I took some pictures of the rescues when they where having there snack.
They all just loved it, and where so cute so i took some pictures to share with everyone.
Here is the lovely female Baby!








Here is Ann!








And then I look at the boys and see this lol. They do a good job at making it lot like they are in jail. 








Then i turn to my left 1 more time and the same thing.








Just some cute pictures of them eating.
















Stuart loves the wheel, he even loves to eat in it.


----------



## Hallie-Mae (Jul 31, 2008)

Awwwh ! So cute :lol: !! I wish my girlies cages were that clean :|


----------



## Suzuks (Jun 25, 2008)

That's so cute how the white ones all climbing on the bars are mashed together! I love when rats or mice squish themselves into a big heap. 
*SO CUTE*


----------



## Stace87 (Jun 24, 2008)

Do any of these have homes to go to yet?


----------



## Starshine (Mar 31, 2008)

Thank You so much everyone! There all just the best and im going to miss them when they go to there homes!!

Stace87: Yes they do have homes about 7 or 8 of them!  Thanks for asking.


----------



## Stace87 (Jun 24, 2008)

Starshine said:


> Stace87: Yes they do have homes about 7 or 8 of them!  Thanks for asking.

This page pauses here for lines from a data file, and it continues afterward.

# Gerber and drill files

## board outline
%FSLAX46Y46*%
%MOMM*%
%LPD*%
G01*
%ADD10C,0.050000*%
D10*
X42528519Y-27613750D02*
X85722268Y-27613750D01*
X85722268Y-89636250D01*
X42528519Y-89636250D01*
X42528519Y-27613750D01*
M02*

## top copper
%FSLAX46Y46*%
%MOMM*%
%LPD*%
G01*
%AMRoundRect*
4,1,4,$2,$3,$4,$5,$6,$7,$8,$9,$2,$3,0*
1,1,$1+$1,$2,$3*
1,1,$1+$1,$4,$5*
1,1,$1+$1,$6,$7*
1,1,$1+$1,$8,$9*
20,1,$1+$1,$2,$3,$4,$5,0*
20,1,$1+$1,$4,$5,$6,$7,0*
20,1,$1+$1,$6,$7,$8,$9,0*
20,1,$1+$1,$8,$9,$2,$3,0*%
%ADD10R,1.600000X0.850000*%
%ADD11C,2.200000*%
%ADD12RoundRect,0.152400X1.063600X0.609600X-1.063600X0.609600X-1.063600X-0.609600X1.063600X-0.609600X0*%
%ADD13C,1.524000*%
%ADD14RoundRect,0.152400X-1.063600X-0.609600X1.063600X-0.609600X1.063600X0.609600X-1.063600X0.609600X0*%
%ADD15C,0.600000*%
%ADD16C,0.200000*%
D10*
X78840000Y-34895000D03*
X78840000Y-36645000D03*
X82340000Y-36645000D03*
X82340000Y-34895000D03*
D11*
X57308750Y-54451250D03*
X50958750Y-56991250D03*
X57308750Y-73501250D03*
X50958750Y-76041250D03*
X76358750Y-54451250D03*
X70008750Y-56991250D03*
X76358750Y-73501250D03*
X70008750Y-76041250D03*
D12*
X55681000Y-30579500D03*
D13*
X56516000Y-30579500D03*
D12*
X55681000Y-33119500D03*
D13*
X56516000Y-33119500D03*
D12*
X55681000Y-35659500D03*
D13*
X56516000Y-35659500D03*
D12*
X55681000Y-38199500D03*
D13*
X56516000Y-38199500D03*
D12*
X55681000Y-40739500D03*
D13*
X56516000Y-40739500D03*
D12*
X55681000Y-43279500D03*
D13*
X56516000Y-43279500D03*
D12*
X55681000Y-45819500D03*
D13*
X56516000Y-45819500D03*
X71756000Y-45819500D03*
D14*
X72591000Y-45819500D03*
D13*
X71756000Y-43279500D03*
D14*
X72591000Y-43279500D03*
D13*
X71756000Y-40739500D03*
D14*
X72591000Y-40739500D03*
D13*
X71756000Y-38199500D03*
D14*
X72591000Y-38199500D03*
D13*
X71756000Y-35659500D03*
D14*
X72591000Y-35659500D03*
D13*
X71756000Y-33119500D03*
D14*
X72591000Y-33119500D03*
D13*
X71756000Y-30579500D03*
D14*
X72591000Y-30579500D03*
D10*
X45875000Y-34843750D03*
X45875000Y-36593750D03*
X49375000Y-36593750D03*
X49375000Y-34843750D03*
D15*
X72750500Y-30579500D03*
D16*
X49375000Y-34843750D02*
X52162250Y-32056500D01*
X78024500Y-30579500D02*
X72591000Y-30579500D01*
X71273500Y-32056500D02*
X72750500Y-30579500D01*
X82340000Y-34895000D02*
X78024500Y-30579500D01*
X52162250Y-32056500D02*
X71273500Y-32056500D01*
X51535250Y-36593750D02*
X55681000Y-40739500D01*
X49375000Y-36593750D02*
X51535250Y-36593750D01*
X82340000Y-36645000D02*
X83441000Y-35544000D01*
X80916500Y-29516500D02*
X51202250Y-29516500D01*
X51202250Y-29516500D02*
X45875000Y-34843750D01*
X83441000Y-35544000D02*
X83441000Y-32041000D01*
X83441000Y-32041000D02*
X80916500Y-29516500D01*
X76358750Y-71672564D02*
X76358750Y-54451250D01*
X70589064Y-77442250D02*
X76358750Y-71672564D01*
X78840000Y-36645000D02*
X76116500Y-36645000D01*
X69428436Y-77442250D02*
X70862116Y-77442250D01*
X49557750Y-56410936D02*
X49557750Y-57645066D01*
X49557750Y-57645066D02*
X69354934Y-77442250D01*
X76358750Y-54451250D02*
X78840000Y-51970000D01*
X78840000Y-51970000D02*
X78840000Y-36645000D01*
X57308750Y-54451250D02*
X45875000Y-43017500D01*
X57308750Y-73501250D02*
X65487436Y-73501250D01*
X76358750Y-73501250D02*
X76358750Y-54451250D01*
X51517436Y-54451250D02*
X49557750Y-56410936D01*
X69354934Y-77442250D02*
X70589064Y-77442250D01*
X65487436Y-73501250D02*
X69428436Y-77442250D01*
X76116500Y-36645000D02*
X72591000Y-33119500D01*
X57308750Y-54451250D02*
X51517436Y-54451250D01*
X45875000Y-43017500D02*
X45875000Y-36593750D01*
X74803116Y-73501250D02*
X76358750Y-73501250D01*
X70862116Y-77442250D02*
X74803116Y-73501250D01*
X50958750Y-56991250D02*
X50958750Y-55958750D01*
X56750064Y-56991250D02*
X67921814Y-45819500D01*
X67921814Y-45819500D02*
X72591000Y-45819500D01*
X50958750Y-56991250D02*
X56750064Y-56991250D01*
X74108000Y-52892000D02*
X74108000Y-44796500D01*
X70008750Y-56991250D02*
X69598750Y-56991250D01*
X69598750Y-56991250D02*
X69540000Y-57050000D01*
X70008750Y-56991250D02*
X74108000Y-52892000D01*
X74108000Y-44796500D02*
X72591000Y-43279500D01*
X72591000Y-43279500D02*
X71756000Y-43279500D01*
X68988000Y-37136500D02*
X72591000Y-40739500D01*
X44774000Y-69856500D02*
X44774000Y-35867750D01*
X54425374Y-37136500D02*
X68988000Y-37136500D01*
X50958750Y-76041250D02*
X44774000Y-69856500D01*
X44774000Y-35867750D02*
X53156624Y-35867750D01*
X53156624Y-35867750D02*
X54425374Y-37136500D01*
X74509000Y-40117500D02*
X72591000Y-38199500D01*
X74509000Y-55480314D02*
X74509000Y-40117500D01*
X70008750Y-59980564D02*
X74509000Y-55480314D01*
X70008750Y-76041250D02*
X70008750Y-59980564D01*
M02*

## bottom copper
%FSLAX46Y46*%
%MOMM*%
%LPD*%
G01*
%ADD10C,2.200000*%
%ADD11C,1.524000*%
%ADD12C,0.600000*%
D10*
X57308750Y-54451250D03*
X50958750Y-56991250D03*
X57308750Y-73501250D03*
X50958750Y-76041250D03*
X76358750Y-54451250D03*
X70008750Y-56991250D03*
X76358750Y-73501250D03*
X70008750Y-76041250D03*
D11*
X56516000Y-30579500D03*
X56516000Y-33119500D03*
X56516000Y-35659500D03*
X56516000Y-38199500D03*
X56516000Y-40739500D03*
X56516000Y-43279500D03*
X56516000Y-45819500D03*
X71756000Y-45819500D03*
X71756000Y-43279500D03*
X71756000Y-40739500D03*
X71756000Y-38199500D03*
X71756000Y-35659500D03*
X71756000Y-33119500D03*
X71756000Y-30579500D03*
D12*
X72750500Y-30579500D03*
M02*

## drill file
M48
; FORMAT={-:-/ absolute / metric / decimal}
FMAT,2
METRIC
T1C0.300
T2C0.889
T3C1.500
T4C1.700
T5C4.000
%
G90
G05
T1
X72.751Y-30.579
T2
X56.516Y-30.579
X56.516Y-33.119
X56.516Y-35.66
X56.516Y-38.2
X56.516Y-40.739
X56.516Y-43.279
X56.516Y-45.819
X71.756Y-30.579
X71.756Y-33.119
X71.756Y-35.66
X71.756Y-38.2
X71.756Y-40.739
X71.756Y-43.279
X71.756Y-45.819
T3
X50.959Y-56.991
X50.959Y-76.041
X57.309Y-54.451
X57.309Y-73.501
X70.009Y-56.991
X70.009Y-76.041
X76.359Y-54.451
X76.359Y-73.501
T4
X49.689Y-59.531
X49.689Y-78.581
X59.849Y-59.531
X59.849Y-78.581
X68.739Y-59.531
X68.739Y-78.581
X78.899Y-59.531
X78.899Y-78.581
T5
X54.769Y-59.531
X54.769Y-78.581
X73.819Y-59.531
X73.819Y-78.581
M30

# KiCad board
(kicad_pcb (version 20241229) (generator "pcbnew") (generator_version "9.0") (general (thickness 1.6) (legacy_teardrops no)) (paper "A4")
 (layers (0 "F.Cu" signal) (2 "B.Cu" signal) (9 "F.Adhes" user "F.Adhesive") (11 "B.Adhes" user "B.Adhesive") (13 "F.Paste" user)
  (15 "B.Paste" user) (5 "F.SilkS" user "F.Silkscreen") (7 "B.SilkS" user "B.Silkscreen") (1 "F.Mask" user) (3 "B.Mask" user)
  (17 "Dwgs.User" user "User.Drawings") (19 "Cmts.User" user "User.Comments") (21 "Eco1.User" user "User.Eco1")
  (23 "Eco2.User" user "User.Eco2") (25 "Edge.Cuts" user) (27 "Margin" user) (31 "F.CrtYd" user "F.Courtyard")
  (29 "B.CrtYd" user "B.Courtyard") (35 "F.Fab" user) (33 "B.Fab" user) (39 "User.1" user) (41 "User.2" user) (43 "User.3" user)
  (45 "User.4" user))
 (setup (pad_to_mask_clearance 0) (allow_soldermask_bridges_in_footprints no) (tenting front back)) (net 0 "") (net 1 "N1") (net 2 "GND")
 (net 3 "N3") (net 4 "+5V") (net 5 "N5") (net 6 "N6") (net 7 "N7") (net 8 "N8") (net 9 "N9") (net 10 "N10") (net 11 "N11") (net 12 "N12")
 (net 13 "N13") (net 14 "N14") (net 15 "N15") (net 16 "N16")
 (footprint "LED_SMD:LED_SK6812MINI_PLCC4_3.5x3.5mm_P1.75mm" (layer "F.Cu") (at 80.59 35.77)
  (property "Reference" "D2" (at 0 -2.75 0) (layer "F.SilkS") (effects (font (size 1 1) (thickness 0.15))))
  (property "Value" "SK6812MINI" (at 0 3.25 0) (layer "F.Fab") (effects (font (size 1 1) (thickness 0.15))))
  (pad "1" smd rect (at -1.75 -0.875) (size 1.6 0.85) (layers "F.Cu" "F.Mask" "F.Paste") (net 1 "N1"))
  (pad "2" smd rect (at -1.75 0.875) (size 1.6 0.85) (layers "F.Cu" "F.Mask" "F.Paste") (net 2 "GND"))
  (pad "3" smd rect (at 1.75 0.875) (size 1.6 0.85) (layers "F.Cu" "F.Mask" "F.Paste") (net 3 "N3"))
  (pad "4" smd rect (at 1.75 -0.875) (size 1.6 0.85) (layers "F.Cu" "F.Mask" "F.Paste") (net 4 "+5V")))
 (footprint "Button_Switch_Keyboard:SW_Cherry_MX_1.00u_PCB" (layer "F.Cu") (at 57.30875 54.45125)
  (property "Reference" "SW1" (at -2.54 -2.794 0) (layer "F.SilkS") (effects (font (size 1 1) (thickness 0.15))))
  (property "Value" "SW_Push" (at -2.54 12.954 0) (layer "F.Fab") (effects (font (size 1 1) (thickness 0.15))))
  (pad "" np_thru_hole circle (at -7.62 5.08) (size 1.7 1.7) (drill 1.7) (layers "*.Cu" "*.Mask"))
  (pad "" np_thru_hole circle (at -2.54 5.08) (size 4 4) (drill 4) (layers "*.Cu" "*.Mask"))
  (pad "" np_thru_hole circle (at 2.54 5.08) (size 1.7 1.7) (drill 1.7) (layers "*.Cu" "*.Mask"))
  (pad "1" thru_hole circle (at 0 0) (size 2.2 2.2) (drill 1.5) (layers "*.Cu" "*.Mask") (remove_unused_layers no) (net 2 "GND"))
  (pad "2" thru_hole circle (at -6.35 2.54) (size 2.2 2.2) (drill 1.5) (layers "*.Cu" "*.Mask") (remove_unused_layers no) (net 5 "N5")))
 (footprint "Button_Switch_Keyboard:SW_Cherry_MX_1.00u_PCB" (layer "F.Cu") (at 57.30875 73.50125)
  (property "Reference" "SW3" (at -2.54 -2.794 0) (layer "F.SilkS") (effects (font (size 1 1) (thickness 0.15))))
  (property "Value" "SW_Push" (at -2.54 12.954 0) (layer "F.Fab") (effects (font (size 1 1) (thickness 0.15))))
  (pad "" np_thru_hole circle (at -7.62 5.08) (size 1.7 1.7) (drill 1.7) (layers "*.Cu" "*.Mask"))
  (pad "" np_thru_hole circle (at -2.54 5.08) (size 4 4) (drill 4) (layers "*.Cu" "*.Mask"))
  (pad "" np_thru_hole circle (at 2.54 5.08) (size 1.7 1.7) (drill 1.7) (layers "*.Cu" "*.Mask"))
  (pad "1" thru_hole circle (at 0 0) (size 2.2 2.2) (drill 1.5) (layers "*.Cu" "*.Mask") (remove_unused_layers no) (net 2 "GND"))
  (pad "2" thru_hole circle (at -6.35 2.54) (size 2.2 2.2) (drill 1.5) (layers "*.Cu" "*.Mask") (remove_unused_layers no) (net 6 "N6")))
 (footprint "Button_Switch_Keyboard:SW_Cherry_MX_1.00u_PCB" (layer "F.Cu") (at 76.35875 54.45125)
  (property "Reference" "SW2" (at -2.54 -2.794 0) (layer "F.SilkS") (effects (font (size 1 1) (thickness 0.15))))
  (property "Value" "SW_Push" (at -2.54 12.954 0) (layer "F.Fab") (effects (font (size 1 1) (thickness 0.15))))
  (pad "" np_thru_hole circle (at -7.62 5.08) (size 1.7 1.7) (drill 1.7) (layers "*.Cu" "*.Mask"))
  (pad "" np_thru_hole circle (at -2.54 5.08) (size 4 4) (drill 4) (layers "*.Cu" "*.Mask"))
  (pad "" np_thru_hole circle (at 2.54 5.08) (size 1.7 1.7) (drill 1.7) (layers "*.Cu" "*.Mask"))
  (pad "1" thru_hole circle (at 0 0) (size 2.2 2.2) (drill 1.5) (layers "*.Cu" "*.Mask") (remove_unused_layers no) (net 2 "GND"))
  (pad "2" thru_hole circle (at -6.35 2.54) (size 2.2 2.2) (drill 1.5) (layers "*.Cu" "*.Mask") (remove_unused_layers no) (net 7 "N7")))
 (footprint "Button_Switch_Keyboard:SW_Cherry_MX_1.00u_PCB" (layer "F.Cu") (at 76.35875 73.50125)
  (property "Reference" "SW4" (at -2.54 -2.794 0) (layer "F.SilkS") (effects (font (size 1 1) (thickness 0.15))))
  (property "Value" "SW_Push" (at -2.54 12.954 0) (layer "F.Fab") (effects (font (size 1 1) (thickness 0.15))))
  (pad "" np_thru_hole circle (at -7.62 5.08) (size 1.7 1.7) (drill 1.7) (layers "*.Cu" "*.Mask"))
  (pad "" np_thru_hole circle (at -2.54 5.08) (size 4 4) (drill 4) (layers "*.Cu" "*.Mask"))
  (pad "" np_thru_hole circle (at 2.54 5.08) (size 1.7 1.7) (drill 1.7) (layers "*.Cu" "*.Mask"))
  (pad "1" thru_hole circle (at 0 0) (size 2.2 2.2) (drill 1.5) (layers "*.Cu" "*.Mask") (remove_unused_layers no) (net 2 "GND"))
  (pad "2" thru_hole circle (at -6.35 2.54) (size 2.2 2.2) (drill 1.5) (layers "*.Cu" "*.Mask") (remove_unused_layers no) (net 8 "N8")))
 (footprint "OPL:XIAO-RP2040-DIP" (layer "F.Cu") (at 64.136 38.1995)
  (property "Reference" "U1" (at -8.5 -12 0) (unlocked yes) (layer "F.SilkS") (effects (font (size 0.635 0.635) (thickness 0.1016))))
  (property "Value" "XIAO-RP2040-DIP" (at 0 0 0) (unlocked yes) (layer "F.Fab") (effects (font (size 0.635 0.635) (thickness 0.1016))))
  (pad "1" smd roundrect (at -8.455 -7.62 180) (size 2.432 1.524) (layers "F.Cu" "F.Mask") (roundrect_rratio 0.1) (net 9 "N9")
   (thermal_bridge_angle 45))
  (pad "1" thru_hole circle (at -7.62 -7.62 180) (size 1.524 1.524) (drill 0.889) (layers "*.Cu" "*.Mask") (remove_unused_layers no)
   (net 9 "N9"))
  (pad "2" smd roundrect (at -8.455 -5.08 180) (size 2.432 1.524) (layers "F.Cu" "F.Mask") (roundrect_rratio 0.1) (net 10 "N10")
   (thermal_bridge_angle 45))
  (pad "2" thru_hole circle (at -7.62 -5.08 180) (size 1.524 1.524) (drill 0.889) (layers "*.Cu" "*.Mask") (remove_unused_layers no)
   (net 10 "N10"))
  (pad "3" smd roundrect (at -8.455 -2.54 180) (size 2.432 1.524) (layers "F.Cu" "F.Mask") (roundrect_rratio 0.1) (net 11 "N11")
   (thermal_bridge_angle 45))
  (pad "3" thru_hole circle (at -7.62 -2.54 180) (size 1.524 1.524) (drill 0.889) (layers "*.Cu" "*.Mask") (remove_unused_layers no)
   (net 11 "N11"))
  (pad "4" smd roundrect (at -8.455 0 180) (size 2.432 1.524) (layers "F.Cu" "F.Mask") (roundrect_rratio 0.1) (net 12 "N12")
   (thermal_bridge_angle 45))
  (pad "4" thru_hole circle (at -7.62 0 180) (size 1.524 1.524) (drill 0.889) (layers "*.Cu" "*.Mask") (remove_unused_layers no)
   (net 12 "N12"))
  (pad "5" smd roundrect (at -8.455 2.54 180) (size 2.432 1.524) (layers "F.Cu" "F.Mask") (roundrect_rratio 0.1) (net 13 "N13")
   (thermal_bridge_angle 45))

That's good  I hope the rest find homes. Many left?


----------



## rattielvr (Aug 4, 2008)

theyre so cute the way they are grabbing at the bars like "let me out of here!" lol


----------



## Kathleen (Jul 1, 2008)

Aw, I love the picture of the three black boys. "Puppy eyes," psh. "Ratty eyes" are so much more effective.


----------



## rattielvr (Aug 4, 2008)

Got to love the rattie eyes haha


----------



## Starshine (Mar 31, 2008)

lol thanks guys!!  No kidding after walking in the room and seeing ratties in jail they got to come out for a long play time and treats.


----------



## ratlover4everrr (Jan 31, 2008)

adorable! and so many. i love the pic where all of them are on the bars together with their little tummies showing lol. nice pics


----------



## begoodtoanimals (Dec 6, 2007)

Loved the pictures especially the white gangsters hanging on the bars.
Whenever my rats do that I have to let them out, it's irresistible and they know how to get their way. I know they must be thinking, " There she comes, drama, drama!"


----------



## Supermunchie (Jun 28, 2008)

Aw! They are all so cute! I love the first picture, so gorgeous!
Sorry if you have already been asked this question, are you going to keep any?


----------



## junior_j (Jan 24, 2008)

To cute!
Jess x


----------



## J88ace (Sep 1, 2008)

wow i got m first rat today and i love him already, you are so lucky i want as many rats as i can fit in my room


----------